Jointly sponsored by the GSA and the department of sociology at
Loyola University, the conference theme was ‘Globalisation and Social
Justice’. It proved to be a highly successful event with over fifty
papers and workshops, covering a broad spectrum of themes concerning
issues of global social justice. The keynote speakers were also
excellent and included Leslie Sklair, one of GSA/UK’s vice presidents,
who played a prominent role at the conference as a whole.

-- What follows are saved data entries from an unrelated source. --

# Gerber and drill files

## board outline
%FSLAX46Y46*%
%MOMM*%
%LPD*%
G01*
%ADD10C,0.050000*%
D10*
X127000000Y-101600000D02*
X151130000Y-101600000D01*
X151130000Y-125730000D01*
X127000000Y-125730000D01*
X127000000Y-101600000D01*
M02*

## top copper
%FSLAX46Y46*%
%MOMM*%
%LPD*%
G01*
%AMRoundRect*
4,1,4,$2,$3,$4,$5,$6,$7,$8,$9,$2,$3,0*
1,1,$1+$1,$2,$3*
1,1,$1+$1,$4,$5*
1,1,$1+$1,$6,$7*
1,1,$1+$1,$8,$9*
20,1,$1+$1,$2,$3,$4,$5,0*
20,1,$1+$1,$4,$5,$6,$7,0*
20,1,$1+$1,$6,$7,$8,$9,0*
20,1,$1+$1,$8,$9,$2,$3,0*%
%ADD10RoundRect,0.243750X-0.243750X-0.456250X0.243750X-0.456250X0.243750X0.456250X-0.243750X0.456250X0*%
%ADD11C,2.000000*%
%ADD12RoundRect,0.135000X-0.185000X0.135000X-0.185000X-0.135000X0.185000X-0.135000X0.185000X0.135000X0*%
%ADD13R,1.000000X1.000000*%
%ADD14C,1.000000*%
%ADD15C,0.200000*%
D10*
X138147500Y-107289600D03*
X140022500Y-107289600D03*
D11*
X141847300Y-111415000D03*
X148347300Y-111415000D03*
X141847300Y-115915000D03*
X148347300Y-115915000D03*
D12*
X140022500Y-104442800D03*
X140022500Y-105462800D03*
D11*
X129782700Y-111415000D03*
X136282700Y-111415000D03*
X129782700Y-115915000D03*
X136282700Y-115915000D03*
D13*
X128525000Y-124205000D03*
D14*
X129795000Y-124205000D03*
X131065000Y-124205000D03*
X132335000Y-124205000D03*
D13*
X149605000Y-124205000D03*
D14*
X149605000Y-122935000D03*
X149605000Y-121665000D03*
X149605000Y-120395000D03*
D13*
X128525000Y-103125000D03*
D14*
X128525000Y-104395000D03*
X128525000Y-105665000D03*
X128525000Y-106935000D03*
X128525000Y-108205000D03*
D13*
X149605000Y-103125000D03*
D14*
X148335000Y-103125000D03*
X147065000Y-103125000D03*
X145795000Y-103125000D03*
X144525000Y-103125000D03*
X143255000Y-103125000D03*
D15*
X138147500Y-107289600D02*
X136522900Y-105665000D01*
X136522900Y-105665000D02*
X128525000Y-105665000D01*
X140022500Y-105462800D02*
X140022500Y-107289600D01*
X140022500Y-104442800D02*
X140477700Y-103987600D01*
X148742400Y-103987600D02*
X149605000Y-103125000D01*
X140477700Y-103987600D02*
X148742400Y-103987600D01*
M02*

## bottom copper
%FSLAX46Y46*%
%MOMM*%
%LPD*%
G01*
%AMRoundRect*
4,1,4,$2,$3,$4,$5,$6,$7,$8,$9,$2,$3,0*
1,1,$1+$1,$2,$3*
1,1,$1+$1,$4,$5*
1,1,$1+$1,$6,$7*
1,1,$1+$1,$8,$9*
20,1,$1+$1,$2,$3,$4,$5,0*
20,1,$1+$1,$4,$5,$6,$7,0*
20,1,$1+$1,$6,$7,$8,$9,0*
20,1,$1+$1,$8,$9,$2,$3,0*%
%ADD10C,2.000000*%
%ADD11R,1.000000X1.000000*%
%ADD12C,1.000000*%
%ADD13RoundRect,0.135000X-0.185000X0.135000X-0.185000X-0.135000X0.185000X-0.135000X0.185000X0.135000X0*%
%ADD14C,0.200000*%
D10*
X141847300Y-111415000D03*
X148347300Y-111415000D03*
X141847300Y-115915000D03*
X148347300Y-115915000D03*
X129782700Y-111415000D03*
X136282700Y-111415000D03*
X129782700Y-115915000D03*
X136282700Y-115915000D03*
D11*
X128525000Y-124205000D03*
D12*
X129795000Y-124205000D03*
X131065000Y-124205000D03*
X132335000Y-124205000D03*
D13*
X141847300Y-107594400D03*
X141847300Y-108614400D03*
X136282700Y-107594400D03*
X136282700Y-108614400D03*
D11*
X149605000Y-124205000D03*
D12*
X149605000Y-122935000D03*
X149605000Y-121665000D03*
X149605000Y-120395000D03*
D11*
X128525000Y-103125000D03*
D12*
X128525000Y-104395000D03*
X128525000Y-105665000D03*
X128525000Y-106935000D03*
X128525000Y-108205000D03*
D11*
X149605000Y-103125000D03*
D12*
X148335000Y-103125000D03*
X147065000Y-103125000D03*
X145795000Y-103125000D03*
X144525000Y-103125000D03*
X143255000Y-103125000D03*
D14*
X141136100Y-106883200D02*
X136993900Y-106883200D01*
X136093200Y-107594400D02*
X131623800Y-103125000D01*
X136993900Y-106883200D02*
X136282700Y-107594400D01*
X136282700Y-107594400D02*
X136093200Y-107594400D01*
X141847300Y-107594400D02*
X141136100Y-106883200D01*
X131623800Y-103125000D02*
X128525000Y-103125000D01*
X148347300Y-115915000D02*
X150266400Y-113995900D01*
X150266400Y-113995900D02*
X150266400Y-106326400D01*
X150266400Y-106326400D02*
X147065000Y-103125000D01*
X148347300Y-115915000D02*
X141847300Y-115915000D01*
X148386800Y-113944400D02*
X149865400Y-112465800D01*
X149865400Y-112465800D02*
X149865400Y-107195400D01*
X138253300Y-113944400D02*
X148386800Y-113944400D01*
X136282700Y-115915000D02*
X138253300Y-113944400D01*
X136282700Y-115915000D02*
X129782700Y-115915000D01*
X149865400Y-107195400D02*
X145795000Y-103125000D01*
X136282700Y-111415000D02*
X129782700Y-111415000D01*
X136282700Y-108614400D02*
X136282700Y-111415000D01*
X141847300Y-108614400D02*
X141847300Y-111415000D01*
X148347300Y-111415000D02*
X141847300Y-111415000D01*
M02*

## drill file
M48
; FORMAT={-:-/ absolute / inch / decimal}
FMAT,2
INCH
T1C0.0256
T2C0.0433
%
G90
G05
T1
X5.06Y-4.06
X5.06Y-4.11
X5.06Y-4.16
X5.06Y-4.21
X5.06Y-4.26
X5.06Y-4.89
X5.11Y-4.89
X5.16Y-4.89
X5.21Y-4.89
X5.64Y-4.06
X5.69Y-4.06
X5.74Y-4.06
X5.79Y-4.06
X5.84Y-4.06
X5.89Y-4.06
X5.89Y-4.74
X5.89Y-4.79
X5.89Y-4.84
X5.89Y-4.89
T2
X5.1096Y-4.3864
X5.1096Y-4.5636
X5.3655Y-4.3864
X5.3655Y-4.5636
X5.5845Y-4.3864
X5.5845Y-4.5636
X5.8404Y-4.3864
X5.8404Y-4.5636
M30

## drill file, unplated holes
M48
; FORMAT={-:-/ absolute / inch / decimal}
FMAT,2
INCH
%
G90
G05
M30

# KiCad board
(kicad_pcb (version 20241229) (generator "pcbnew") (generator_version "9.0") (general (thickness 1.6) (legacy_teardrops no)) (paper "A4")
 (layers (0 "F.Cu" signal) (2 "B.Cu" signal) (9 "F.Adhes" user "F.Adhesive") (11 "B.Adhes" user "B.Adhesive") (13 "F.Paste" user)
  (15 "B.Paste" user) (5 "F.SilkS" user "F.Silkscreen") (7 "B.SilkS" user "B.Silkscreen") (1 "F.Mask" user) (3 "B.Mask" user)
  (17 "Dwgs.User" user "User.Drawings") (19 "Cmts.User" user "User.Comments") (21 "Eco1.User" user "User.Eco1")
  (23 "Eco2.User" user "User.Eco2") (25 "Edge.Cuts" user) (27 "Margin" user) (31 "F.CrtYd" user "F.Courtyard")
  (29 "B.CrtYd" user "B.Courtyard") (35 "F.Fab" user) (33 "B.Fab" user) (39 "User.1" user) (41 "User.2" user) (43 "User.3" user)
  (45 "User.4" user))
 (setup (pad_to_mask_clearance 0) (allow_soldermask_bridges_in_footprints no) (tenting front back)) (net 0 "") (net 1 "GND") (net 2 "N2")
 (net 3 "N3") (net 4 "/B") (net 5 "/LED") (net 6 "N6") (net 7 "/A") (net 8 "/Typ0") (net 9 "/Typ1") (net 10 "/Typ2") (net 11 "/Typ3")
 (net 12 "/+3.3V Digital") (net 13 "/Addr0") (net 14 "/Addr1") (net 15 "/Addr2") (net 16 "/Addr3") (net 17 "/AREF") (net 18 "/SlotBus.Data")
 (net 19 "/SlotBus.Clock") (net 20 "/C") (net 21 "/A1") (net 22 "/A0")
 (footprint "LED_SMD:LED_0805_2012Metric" (layer "F.Cu") (at 139.085 107.2896)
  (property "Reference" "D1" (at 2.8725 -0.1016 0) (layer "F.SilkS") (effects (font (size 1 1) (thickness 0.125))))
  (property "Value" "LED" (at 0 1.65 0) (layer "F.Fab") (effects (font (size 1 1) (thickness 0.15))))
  (pad "1" smd roundrect (at -0.9375 0) (size 0.975 1.4) (layers "F.Cu" "F.Mask" "F.Paste") (roundrect_rratio 0.25) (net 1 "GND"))
  (pad "2" smd roundrect (at 0.9375 0) (size 0.975 1.4) (layers "F.Cu" "F.Mask" "F.Paste") (roundrect_rratio 0.25) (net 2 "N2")))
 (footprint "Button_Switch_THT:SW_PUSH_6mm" (layer "F.Cu") (at 141.8473 111.415)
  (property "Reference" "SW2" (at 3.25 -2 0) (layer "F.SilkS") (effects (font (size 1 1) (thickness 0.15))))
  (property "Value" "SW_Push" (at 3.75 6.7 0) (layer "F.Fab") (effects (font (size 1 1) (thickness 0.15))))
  (pad "1" thru_hole circle (at 0 0 90) (size 2 2) (drill 1.1) (layers "*.Cu" "*.Mask") (remove_unused_layers no) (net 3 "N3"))
  (pad "1" thru_hole circle (at 6.5 0 90) (size 2 2) (drill 1.1) (layers "*.Cu" "*.Mask") (remove_unused_layers no) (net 3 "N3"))
  (pad "2" thru_hole circle (at 0 4.5 90) (size 2 2) (drill 1.1) (layers "*.Cu" "*.Mask") (remove_unused_layers no) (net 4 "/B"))
  (pad "2" thru_hole circle (at 6.5 4.5 90) (size 2 2) (drill 1.1) (layers "*.Cu" "*.Mask") (remove_unused_layers no) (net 4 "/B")))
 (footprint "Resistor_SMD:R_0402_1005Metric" (layer "F.Cu") (at 140.0225 104.9528 -90)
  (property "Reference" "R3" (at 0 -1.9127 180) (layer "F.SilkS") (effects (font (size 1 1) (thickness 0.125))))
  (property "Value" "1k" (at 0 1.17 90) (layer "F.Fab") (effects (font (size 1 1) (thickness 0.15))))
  (pad "1" smd roundrect (at -0.51 0 270) (size 0.54 0.64) (layers "F.Cu" "F.Mask" "F.Paste") (roundrect_rratio 0.25) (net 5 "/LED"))
  (pad "2" smd roundrect (at 0.51 0 270) (size 0.54 0.64) (layers "F.Cu" "F.Mask" "F.Paste") (roundrect_rratio 0.25) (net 2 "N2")))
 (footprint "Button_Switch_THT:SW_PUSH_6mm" (layer "F.Cu") (at 129.7827 111.415)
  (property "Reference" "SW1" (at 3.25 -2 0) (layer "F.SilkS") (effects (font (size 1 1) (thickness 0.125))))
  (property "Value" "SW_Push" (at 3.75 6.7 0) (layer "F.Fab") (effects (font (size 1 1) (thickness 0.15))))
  (pad "1" thru_hole circle (at 0 0 90) (size 2 2) (drill 1.1) (layers "*.Cu" "*.Mask") (remove_unused_layers no) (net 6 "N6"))
  (pad "1" thru_hole circle (at 6.5 0 90) (size 2 2) (drill 1.1) (layers "*.Cu" "*.Mask") (remove_unused_layers no) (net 6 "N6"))
  (pad "2" thru_hole circle (at 0 4.5 90) (size 2 2) (drill 1.1) (layers "*.Cu" "*.Mask") (remove_unused_layers no) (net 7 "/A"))
  (pad "2" thru_hole circle (at 6.5 4.5 90) (size 2 2) (drill 1.1) (layers "*.Cu" "*.Mask") (remove_unused_layers no) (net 7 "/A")))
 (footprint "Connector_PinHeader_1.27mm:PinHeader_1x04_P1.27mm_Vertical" (layer "B.Cu") (at 128.525 124.205 -90)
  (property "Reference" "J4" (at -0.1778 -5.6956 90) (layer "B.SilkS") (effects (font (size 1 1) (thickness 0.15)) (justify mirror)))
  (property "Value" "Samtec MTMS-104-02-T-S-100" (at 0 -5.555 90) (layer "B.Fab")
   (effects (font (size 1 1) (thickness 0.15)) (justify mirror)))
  (pad "1" thru_hole rect (at 0 0 270) (size 1 1) (drill 0.65) (layers "*.Cu" "*.Mask") (remove_unused_layers no) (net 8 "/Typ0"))
  (pad "2" thru_hole circle (at 0 -1.27 270) (size 1 1) (drill 0.65) (layers "*.Cu" "*.Mask") (remove_unused_layers no) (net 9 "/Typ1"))
  (pad "3" thru_hole circle (at 0 -2.54 270) (size 1 1) (drill 0.65) (layers "*.Cu" "*.Mask") (remove_unused_layers no) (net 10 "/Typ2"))
  (pad "4" thru_hole circle (at 0 -3.81 270) (size 1 1) (drill 0.65) (layers "*.Cu" "*.Mask") (remove_unused_layers no) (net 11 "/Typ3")))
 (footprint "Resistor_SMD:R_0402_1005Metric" (layer "B.Cu") (at 141.8473 108.1044 -90)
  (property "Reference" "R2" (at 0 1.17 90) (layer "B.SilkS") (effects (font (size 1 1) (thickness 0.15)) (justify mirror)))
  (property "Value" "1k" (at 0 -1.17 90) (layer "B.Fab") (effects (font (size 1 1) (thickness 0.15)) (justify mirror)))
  (pad "1" smd roundrect (at -0.51 0 270) (size 0.54 0.64) (layers "B.Cu" "B.Mask" "B.Paste") (roundrect_rratio 0.25)
   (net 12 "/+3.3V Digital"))
  (pad "2" smd roundrect (at 0.51 0 270) (size 0.54 0.64) (layers "B.Cu" "B.Mask" "B.Paste") (roundrect_rratio 0.25) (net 3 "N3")))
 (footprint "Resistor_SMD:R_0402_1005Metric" (layer "B.Cu") (at 136.2827 108.1044 -90)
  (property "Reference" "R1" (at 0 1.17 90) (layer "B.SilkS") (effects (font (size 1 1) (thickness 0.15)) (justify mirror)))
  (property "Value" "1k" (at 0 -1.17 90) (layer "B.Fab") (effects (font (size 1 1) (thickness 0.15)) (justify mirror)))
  (pad "1" smd roundrect (at -0.51 0 270) (size 0.54 0.64) (layers "B.Cu" "B.Mask" "B.Paste") (roundrect_rratio 0.25)
   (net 12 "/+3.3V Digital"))
  (pad "2" smd roundrect (at 0.51 0 270) (size 0.54 0.64) (layers "B.Cu" "B.Mask" "B.Paste") (roundrect_rratio 0.25) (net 6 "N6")))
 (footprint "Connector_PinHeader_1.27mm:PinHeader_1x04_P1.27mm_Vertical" (layer "B.Cu") (at 149.605 124.205)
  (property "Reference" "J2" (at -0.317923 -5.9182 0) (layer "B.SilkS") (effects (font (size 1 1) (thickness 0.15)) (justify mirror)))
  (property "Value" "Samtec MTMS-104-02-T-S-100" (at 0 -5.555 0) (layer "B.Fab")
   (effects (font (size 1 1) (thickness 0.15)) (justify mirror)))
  (pad "1" thru_hole rect (at 0 0) (size 1 1) (drill 0.65) (layers "*.Cu" "*.Mask") (remove_unused_layers no) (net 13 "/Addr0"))
  (pad "2" thru_hole circle (at 0 -1.27) (size 1 1) (drill 0.65) (layers "*.Cu" "*.Mask") (remove_unused_layers no) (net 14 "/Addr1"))
  (pad "3" thru_hole circle (at 0 -2.54) (size 1 1) (drill 0.65) (layers "*.Cu" "*.Mask") (remove_unused_layers no) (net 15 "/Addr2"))
  (pad "4" thru_hole circle (at 0 -3.81) (size 1 1) (drill 0.65) (layers "*.Cu" "*.Mask") (remove_unused_layers no) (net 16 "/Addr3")))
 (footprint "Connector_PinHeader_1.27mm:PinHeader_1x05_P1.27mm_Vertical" (layer "B.Cu") (at 128.525 103.125 180)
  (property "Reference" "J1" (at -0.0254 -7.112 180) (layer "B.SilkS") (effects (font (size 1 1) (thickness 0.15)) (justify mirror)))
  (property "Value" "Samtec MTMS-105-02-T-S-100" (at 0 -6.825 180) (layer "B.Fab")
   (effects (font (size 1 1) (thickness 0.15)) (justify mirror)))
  (pad "1" thru_hole rect (at 0 0 180) (size 1 1) (drill 0.65) (layers "*.Cu" "*.Mask") (remove_unused_layers no) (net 12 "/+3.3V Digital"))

The quality of the papers was extremely high and they generated
many hours of intensive and exciting discussion and argument. Academics
from an impressively wide range of disciplines and research areas
came from far and wide across the United States. However, there
were also a number of speakers and participants who were political
activists, such as current or former trade union organizers or people
presently involved in various fair trade campaigns linked partly
to student protests around the campuses of the US.
Despite the clearly focused sense of realism among the conference
participants concerning the vast problems of social division, social
exclusion and conflict that are currently only too evident in the
world at the present time and the anxieties about the quality of
world political – and especially American – leadership, an encouraging
atmosphere of guarded optimism in relation to the real possibility
of increasingly effective alliances and political struggles against
global poverty was also quite evident.
It was gratifying to encounter quite a number of GSA members who
managed to attend the Chicago conference including three from Britain,
one from Canada and three from the USA. One of the key events scheduled
at the conference was the inauguration of the North American
chapter of the GSA. The first GSA branch or chapter to be established
outside the UK. More than twenty people attended this special meeting
and after some discussion the new branch was duly set-up. What was
particularly encouraging was the number of postgraduate students
who were prepared to become involved in helping to establish the
new North American branch of the USA and, moreover, presence among
these postgraduates and other participants who were people living
in the USA but who had strong links with countries in Central America
and South East Asia. They quite rightly insisted that right from
the outset the new branch must concern itself as deeply as possible
with the problems and themes of Southern peoples and countries if
be a truly global association are to have any meaning.